--- /dev/null
+//===- LazyCallGraph.h - Analysis of a Module's call graph ------*- C++ -*-===//
+//
+// The LLVM Compiler Infrastructure
+//
+// This file is distributed under the University of Illinois Open Source
+// License. See LICENSE.TXT for details.
+//
+//===----------------------------------------------------------------------===//
+/// \file
+///
+/// Implements a lazy call graph analysis and related passes for the new pass
+/// manager.
+///
+/// NB: This is *not* a traditional call graph! It is a graph which models both
+/// the current calls and potential calls. As a consequence there are many
+/// edges in this call graph that do not correspond to a 'call' or 'invoke'
+/// instruction.
+///
+/// The primary use cases of this graph analysis is to facilitate iterating
+/// across the functions of a module in ways that ensure all callees are
+/// visited prior to a caller (given any SCC constraints), or vice versa.

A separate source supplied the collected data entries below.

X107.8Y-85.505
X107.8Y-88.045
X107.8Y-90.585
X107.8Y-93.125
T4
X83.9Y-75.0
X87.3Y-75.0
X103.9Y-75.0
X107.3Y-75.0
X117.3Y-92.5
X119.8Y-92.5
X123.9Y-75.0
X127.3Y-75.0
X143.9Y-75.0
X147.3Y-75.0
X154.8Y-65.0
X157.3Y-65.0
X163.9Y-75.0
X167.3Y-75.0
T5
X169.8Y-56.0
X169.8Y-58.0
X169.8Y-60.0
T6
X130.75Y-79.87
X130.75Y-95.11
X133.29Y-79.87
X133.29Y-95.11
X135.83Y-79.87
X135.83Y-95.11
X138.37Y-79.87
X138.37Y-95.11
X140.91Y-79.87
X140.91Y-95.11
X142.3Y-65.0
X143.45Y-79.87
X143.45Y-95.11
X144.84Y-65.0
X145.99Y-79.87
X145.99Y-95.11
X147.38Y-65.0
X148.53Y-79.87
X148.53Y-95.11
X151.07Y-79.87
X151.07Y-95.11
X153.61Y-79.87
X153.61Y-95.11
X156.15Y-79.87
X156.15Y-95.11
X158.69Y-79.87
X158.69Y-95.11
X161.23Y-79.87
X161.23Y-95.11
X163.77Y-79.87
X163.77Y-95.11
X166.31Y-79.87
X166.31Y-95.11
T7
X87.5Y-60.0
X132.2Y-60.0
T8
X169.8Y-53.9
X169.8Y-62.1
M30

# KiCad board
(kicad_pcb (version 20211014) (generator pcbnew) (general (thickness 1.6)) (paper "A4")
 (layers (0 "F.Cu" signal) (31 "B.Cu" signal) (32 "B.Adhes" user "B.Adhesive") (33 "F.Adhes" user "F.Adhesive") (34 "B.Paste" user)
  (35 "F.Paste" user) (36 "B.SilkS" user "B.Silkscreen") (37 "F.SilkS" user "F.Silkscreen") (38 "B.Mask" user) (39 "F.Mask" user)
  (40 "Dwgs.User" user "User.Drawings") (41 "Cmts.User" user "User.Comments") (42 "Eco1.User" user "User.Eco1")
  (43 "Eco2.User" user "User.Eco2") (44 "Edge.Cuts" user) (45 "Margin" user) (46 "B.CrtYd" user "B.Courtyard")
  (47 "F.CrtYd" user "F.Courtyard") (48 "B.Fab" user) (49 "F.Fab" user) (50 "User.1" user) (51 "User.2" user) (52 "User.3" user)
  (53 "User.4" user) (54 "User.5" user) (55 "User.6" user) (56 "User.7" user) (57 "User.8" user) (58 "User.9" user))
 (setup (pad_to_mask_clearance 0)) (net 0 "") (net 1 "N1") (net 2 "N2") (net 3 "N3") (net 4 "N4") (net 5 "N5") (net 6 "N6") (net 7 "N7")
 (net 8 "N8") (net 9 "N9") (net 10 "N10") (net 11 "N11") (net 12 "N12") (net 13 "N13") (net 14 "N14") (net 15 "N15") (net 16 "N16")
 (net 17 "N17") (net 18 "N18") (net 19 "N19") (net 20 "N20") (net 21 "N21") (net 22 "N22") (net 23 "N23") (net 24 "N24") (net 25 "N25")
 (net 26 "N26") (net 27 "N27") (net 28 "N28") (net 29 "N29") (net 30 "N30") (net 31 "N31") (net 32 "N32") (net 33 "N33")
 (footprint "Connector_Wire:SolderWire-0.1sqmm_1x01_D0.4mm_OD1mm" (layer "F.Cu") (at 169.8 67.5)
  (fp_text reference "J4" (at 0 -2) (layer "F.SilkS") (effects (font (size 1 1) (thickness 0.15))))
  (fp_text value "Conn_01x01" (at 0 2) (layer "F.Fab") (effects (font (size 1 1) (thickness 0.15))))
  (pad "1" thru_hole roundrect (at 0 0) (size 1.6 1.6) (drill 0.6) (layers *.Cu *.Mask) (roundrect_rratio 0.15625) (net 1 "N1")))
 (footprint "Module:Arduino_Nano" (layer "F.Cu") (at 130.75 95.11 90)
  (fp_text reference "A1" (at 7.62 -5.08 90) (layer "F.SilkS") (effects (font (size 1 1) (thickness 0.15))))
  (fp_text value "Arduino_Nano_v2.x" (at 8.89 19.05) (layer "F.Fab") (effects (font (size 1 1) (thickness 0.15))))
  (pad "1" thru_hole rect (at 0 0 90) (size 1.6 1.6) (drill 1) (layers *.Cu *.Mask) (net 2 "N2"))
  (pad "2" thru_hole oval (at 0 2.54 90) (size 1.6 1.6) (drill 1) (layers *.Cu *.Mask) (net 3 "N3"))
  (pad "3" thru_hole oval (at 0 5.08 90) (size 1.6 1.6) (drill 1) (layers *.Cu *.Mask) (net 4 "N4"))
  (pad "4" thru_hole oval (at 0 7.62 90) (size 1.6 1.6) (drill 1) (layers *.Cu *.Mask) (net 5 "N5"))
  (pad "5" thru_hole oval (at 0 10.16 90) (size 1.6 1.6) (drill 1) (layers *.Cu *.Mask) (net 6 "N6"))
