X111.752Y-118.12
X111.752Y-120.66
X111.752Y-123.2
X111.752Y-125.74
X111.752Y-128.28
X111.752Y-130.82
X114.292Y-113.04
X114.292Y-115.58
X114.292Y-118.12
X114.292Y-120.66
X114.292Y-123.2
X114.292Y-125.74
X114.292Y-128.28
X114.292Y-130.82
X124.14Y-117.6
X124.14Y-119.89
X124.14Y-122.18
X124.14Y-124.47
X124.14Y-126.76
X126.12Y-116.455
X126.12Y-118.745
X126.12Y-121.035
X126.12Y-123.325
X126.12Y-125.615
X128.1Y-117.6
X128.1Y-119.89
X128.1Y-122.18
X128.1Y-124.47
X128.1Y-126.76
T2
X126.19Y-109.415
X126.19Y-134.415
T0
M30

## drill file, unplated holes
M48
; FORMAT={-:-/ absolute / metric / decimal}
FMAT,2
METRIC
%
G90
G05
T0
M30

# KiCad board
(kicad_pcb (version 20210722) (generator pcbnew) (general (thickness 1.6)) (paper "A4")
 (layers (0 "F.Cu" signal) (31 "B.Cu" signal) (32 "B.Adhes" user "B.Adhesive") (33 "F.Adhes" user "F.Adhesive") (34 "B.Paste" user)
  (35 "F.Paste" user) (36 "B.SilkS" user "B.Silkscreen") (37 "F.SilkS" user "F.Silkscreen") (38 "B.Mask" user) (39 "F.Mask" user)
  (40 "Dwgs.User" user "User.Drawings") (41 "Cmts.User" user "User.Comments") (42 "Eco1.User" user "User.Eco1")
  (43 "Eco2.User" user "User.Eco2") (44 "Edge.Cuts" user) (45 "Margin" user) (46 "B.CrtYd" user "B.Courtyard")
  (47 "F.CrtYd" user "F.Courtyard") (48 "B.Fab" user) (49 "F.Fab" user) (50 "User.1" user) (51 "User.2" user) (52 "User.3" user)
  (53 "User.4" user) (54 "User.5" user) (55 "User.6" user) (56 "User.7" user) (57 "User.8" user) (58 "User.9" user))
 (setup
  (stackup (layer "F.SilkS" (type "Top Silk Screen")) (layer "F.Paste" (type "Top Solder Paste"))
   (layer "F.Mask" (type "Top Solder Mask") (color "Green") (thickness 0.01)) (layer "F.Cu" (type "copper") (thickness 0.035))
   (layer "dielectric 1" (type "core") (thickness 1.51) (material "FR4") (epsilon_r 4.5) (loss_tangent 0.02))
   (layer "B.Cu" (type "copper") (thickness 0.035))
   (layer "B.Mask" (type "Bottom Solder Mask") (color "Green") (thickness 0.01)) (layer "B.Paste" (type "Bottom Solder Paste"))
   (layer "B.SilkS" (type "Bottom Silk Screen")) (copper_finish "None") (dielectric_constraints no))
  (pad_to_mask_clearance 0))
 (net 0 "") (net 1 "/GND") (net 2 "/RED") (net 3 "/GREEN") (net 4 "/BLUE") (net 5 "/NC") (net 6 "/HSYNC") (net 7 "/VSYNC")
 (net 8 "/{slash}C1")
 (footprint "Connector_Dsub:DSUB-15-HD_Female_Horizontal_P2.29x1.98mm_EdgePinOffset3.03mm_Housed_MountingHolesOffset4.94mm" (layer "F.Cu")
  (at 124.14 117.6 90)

As
+/// such is it particularly well suited to organizing CGSCC optimizations such
+/// as inlining, outlining, argument promotion, etc. That is its primary use
+/// case and motivates the design. It may not be appropriate for other
+/// purposes. The use graph of functions or some other conservative analysis of
+/// call instructions may be interesting for optimizations and subsequent
+/// analyses which don't work in the context of an overly specified
+/// potential-call-edge graph.
+///
+/// To understand the specific rules and nature of this call graph analysis,
+/// see the documentation of the \c LazyCallGraph below.
+///
+//===----------------------------------------------------------------------===//
+
+#ifndef LLVM_ANALYSIS_LAZY_CALL_GRAPH
+#define LLVM_ANALYSIS_LAZY_CALL_GRAPH
+
+#include "llvm/ADT/DenseMap.h"
+#include "llvm/ADT/PointerUnion.h"
+#include "llvm/ADT/SmallVector.h"
+#include "llvm/ADT/SmallPtrSet.h"
+#include "llvm/ADT/STLExtras.h"
+#include "llvm/IR/Module.h"
+#include "llvm/IR/Function.h"
+#include "llvm/IR/BasicBlock.h"
+#include "llvm/Support/Allocator.h"
+#include <iterator>
+
+namespace llvm {
+class ModuleAnalysisManager;
+class PreservedAnalyses;
+class raw_ostream;
+
+/// \brief A lazily constructed view of the call graph of a module.
+///
+/// With the edges of this graph, the motivating constraint that we are
+/// attempting to maintain is that function-local optimization, CGSCC-local
+/// optimizations, and optimizations transforming a pair of functions connected
+/// by an edge in the graph, do not invalidate a bottom-up traversal of the SCC
+/// DAG. That is, no optimizations will delete, remove, or add an edge such
+/// that functions already visited in a bottom-up order of the SCC DAG are no
+/// longer valid to have visited, or such that functions not yet visited in
+/// a bottom-up order of the SCC DAG are not required to have already been
+/// visited.
+///
+/// Within this constraint, the desire is to minimize the merge points of the
+/// SCC DAG. The greater the fanout of the SCC DAG and the fewer merge points
+/// in the SCC DAG, the more independence there is in optimizing within it.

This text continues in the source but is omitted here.